Geranien (Pelargonien)

  • Giftig: gesamte Pflanze (leicht giftig)

  • Symptome: Erbrechen, Appetitlosigkeit


Zimmerpflanzen und Schnittblumen

Lilien

  • Giftig: gesamte Pflanze

  • Symptome: Magen-Darm-Beschwerden, Apathie


Amaryllis

  • Giftig: vor allem die Zwiebel

  • Symptome: Erbrechen, Zittern


Alpenveilchen

  • Giftig: Knolle

  • Symptome: starkes Erbrechen, Kreislaufprobleme


Dieffenbachia

  • Giftig: Blätter (Pflanzensaft)

  • Symptome: starke Reizung im Maul, Schluckbeschwerden


Philodendron

  • Giftig: Blätter

  • Symptome: Speichelfluss, Reizung der Schleimhäute


Einblatt (Spathiphyllum)

  • Giftig: Blätter

  • Symptome: Maulreizungen, Speichelfluss


Flamingoblume (Anthurium)

  • Giftig: gesamte Pflanze

  • Symptome: Schleimhautreizungen


Weihnachtsstern

  • Giftig: Pflanzensaft (leicht giftig)

  • Symptome: Erbrechen, leichte Reizungen


Was tun, wenn ein Hund eine giftige Pflanze gefressen hat?

  1. Ruhe bewahren und den Hund beobachten

  2. Pflanze identifizieren (Foto machen, Reste sichern)

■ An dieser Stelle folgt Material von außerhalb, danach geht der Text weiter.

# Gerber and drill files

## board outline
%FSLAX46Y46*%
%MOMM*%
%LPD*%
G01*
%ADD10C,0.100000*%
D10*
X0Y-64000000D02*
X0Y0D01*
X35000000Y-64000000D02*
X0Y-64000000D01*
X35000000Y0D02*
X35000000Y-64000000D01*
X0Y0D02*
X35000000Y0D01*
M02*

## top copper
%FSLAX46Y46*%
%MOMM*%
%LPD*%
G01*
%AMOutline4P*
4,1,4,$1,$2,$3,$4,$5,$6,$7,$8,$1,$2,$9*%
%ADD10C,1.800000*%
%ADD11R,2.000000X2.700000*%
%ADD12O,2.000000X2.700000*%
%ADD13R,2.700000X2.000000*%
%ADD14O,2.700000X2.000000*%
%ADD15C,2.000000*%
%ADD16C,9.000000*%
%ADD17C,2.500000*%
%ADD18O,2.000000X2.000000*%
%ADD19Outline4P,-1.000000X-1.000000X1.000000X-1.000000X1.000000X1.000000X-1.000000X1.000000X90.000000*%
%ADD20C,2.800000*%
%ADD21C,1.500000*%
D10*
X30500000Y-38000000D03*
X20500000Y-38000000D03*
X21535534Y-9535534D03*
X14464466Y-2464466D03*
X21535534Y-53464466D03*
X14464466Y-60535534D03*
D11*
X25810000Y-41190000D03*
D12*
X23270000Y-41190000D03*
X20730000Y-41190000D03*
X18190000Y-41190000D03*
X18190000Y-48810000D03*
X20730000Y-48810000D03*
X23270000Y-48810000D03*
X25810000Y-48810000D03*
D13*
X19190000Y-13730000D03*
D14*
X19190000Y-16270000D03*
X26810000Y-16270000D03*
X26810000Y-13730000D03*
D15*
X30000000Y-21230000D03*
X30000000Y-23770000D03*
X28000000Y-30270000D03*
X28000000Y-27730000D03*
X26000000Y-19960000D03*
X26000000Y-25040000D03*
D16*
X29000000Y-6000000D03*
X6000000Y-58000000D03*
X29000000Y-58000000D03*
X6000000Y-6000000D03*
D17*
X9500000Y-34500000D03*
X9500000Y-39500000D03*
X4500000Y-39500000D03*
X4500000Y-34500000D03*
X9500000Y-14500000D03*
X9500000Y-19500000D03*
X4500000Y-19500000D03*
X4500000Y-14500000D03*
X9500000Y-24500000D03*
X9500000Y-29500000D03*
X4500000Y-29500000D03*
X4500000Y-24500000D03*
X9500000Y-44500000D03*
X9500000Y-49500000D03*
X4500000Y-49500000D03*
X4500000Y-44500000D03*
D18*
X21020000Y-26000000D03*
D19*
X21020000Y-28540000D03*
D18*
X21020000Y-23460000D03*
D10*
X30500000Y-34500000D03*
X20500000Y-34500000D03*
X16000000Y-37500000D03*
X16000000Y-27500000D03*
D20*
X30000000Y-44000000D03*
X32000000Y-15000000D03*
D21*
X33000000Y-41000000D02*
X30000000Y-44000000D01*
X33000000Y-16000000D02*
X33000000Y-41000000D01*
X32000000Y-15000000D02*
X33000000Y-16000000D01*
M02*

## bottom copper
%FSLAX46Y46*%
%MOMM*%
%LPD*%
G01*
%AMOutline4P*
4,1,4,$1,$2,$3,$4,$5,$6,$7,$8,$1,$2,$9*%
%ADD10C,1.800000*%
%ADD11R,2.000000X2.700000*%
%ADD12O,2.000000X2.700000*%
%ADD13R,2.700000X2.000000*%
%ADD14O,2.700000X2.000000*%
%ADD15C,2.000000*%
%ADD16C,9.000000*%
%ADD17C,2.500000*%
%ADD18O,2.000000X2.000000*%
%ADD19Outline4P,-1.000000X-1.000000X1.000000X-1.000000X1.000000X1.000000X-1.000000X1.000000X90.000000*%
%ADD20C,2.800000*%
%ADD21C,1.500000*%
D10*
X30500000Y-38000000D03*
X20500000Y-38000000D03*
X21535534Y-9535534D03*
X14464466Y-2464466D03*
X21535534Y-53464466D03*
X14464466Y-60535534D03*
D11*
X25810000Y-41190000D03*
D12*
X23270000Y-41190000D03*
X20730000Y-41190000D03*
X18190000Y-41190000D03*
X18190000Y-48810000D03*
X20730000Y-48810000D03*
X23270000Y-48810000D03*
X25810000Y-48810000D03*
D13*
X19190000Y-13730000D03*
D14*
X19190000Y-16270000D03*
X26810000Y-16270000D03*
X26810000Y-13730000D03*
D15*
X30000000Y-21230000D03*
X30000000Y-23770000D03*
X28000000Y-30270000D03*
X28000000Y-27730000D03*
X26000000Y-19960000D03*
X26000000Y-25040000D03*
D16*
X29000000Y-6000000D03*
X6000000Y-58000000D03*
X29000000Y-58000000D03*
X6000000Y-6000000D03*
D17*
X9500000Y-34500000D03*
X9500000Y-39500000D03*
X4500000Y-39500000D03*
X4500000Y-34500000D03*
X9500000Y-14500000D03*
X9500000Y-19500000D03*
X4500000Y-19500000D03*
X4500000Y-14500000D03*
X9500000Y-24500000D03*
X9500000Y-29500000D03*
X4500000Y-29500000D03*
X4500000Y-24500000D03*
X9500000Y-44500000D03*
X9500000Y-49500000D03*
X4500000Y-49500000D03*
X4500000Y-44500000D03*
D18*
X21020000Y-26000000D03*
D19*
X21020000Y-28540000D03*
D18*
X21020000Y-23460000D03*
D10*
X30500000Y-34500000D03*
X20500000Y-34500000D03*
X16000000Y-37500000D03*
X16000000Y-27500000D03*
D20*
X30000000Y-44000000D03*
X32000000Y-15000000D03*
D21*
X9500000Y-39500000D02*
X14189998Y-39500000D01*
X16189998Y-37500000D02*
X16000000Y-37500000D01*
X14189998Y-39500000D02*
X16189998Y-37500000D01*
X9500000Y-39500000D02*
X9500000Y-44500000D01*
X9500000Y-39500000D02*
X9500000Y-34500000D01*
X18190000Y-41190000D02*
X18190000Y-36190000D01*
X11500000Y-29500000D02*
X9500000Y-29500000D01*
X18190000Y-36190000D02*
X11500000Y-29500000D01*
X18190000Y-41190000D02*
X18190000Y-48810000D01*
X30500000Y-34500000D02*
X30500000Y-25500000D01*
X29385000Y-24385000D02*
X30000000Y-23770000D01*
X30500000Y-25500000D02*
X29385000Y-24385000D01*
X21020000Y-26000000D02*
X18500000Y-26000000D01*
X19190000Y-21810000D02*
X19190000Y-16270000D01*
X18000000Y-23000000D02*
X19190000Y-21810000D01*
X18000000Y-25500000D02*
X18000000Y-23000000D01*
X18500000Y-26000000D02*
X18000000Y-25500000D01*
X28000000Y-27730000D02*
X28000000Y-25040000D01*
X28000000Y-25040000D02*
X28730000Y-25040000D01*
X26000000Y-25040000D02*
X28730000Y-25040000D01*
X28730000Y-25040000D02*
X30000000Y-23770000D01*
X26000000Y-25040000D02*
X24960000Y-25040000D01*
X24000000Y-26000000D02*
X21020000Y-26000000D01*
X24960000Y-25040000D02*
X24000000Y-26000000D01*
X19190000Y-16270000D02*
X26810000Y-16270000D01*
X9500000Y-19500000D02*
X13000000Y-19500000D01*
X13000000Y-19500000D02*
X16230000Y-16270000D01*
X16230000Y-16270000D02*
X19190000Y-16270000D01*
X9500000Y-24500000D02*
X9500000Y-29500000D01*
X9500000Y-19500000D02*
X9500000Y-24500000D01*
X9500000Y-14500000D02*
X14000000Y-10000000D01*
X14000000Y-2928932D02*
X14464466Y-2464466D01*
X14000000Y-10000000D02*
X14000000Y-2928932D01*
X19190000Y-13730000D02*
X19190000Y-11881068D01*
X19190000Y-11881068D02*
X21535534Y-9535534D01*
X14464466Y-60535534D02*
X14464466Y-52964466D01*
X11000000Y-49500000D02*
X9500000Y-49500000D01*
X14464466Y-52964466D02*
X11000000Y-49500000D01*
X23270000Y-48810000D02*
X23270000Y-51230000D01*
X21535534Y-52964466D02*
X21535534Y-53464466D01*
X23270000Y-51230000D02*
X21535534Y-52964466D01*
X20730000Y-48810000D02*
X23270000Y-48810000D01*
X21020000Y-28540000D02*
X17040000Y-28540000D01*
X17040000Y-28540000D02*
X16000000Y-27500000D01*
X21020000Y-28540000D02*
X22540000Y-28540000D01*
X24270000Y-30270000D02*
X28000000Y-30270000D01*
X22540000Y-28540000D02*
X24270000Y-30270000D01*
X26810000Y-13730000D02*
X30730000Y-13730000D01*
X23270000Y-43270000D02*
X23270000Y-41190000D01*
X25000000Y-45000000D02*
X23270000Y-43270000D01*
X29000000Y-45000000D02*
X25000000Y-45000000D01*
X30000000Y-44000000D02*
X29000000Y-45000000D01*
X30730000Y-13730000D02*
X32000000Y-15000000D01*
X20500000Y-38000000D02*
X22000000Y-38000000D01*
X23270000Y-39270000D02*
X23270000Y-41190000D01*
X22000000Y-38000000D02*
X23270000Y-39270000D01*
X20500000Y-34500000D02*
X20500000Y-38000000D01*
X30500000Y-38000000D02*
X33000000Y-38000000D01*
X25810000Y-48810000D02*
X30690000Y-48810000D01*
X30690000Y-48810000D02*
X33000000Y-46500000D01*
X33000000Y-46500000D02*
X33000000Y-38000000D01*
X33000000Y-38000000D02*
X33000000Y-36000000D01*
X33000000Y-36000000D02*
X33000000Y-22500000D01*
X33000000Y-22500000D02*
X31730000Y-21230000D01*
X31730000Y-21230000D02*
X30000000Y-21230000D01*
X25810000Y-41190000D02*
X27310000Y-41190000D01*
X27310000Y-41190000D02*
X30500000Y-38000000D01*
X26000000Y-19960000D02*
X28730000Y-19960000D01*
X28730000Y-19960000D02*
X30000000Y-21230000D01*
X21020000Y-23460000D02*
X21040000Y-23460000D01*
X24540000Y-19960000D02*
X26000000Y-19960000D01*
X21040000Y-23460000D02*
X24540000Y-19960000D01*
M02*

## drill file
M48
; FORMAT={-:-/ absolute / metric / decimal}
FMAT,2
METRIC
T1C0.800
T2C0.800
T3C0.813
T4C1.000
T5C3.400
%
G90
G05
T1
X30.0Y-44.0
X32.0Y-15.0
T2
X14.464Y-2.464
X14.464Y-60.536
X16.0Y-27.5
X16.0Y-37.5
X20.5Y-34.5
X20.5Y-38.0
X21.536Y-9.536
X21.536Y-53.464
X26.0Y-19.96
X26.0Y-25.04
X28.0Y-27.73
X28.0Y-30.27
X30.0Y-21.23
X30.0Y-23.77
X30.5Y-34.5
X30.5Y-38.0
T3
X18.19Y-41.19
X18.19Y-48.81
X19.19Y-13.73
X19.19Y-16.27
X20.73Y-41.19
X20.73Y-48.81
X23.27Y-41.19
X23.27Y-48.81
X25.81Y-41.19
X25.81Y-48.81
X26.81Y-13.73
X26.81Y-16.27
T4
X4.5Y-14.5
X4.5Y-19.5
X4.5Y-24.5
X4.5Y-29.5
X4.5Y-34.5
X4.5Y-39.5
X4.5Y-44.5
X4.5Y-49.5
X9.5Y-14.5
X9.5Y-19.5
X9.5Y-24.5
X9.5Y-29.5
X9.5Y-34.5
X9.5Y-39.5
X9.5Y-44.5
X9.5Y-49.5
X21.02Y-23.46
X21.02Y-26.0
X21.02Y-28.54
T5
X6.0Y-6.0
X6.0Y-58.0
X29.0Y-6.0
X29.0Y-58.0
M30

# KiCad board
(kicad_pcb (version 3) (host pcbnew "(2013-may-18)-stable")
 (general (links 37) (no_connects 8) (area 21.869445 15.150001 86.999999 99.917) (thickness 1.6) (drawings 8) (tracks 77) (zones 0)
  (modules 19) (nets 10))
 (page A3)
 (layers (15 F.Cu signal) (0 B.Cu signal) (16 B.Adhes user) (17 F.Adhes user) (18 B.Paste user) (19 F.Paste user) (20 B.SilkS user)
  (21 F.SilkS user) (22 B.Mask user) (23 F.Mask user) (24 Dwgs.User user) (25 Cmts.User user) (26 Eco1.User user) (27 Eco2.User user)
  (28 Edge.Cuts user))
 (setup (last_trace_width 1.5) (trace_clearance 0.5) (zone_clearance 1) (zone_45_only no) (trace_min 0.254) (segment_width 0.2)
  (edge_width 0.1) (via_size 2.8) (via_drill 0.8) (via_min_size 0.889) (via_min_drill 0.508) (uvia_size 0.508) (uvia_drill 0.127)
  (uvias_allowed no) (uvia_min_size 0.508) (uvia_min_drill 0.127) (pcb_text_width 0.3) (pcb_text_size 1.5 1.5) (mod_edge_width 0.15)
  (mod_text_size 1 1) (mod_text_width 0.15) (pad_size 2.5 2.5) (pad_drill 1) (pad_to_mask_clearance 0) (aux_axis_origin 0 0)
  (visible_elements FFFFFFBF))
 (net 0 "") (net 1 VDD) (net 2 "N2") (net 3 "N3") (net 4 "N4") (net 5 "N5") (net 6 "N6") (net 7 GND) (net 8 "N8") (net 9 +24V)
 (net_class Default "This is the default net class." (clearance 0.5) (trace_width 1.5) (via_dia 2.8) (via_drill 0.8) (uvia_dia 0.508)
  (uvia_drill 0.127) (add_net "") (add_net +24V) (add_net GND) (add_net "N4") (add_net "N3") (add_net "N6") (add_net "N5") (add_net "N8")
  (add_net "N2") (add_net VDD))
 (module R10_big (layer F.Cu) (at 25.5 38 180) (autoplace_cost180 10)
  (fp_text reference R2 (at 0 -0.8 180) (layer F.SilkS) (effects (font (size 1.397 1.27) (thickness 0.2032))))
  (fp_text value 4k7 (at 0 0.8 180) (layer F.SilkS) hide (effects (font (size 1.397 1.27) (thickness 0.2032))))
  (pad 1 thru_hole circle (at -5 0 180) (size 1.8 1.8) (drill 0.8) (layers *.Cu *.Mask F.SilkS) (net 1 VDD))
  (pad 2 thru_hole circle (at 5 0 180) (size 1.8 1.8) (drill 0.8) (layers *.Cu *.Mask F.SilkS) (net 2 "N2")))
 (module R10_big (layer F.Cu) (at 18 6 135) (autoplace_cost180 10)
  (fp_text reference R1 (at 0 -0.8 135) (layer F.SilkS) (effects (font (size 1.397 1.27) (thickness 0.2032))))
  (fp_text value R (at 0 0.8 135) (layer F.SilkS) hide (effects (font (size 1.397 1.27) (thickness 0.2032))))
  (pad 1 thru_hole circle (at -5 0 135) (size 1.8 1.8) (drill 0.8) (layers *.Cu *.Mask F.SilkS) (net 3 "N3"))
  (pad 2 thru_hole circle (at 5 0 135) (size 1.8 1.8) (drill 0.8) (layers *.Cu *.Mask F.SilkS) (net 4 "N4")))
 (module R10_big (layer F.Cu) (at 18 57 225) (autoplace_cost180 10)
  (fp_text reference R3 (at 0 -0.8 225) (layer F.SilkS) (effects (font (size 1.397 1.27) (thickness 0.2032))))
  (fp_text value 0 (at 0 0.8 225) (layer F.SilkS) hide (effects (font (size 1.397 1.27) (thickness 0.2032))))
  (pad 1 thru_hole circle (at -5 0 225) (size 1.8 1.8) (drill 0.8) (layers *.Cu *.Mask F.SilkS) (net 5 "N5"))
  (pad 2 thru_hole circle (at 5 0 225) (size 1.8 1.8) (drill 0.8) (layers *.Cu *.Mask F.SilkS) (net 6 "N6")))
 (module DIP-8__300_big (layer F.Cu) (at 22 45 180)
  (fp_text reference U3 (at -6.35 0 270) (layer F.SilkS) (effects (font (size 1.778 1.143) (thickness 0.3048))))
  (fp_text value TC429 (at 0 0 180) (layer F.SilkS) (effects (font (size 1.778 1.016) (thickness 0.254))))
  (pad 1 thru_hole rect (at -3.81 3.81 180) (size 2 2.7) (drill 0.8128) (layers *.Cu *.Mask F.SilkS) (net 1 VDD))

  3. Pflanzenreste vorsichtig aus dem Maul entfernen

  4. Kein Erbrechen auslösen

  5. Sofort Tierarzt oder Tierklinik kontaktieren


Wichtig: Auch wenn noch keine Symptome sichtbar sind, sollte bei bekannten Giftpflanzen immer tierärztlicher Rat eingeholt werden.


Fazit

Viele der genannten Pflanzen sind fester Bestandteil von Gärten und Wohnungen. Gerade deshalb ist das Risiko für Hunde nicht zu unterschätzen. Wer weiß, welche Pflanzen gefährlich sind und wie im Notfall zu handeln ist, kann seinen Hund wirksam schützen.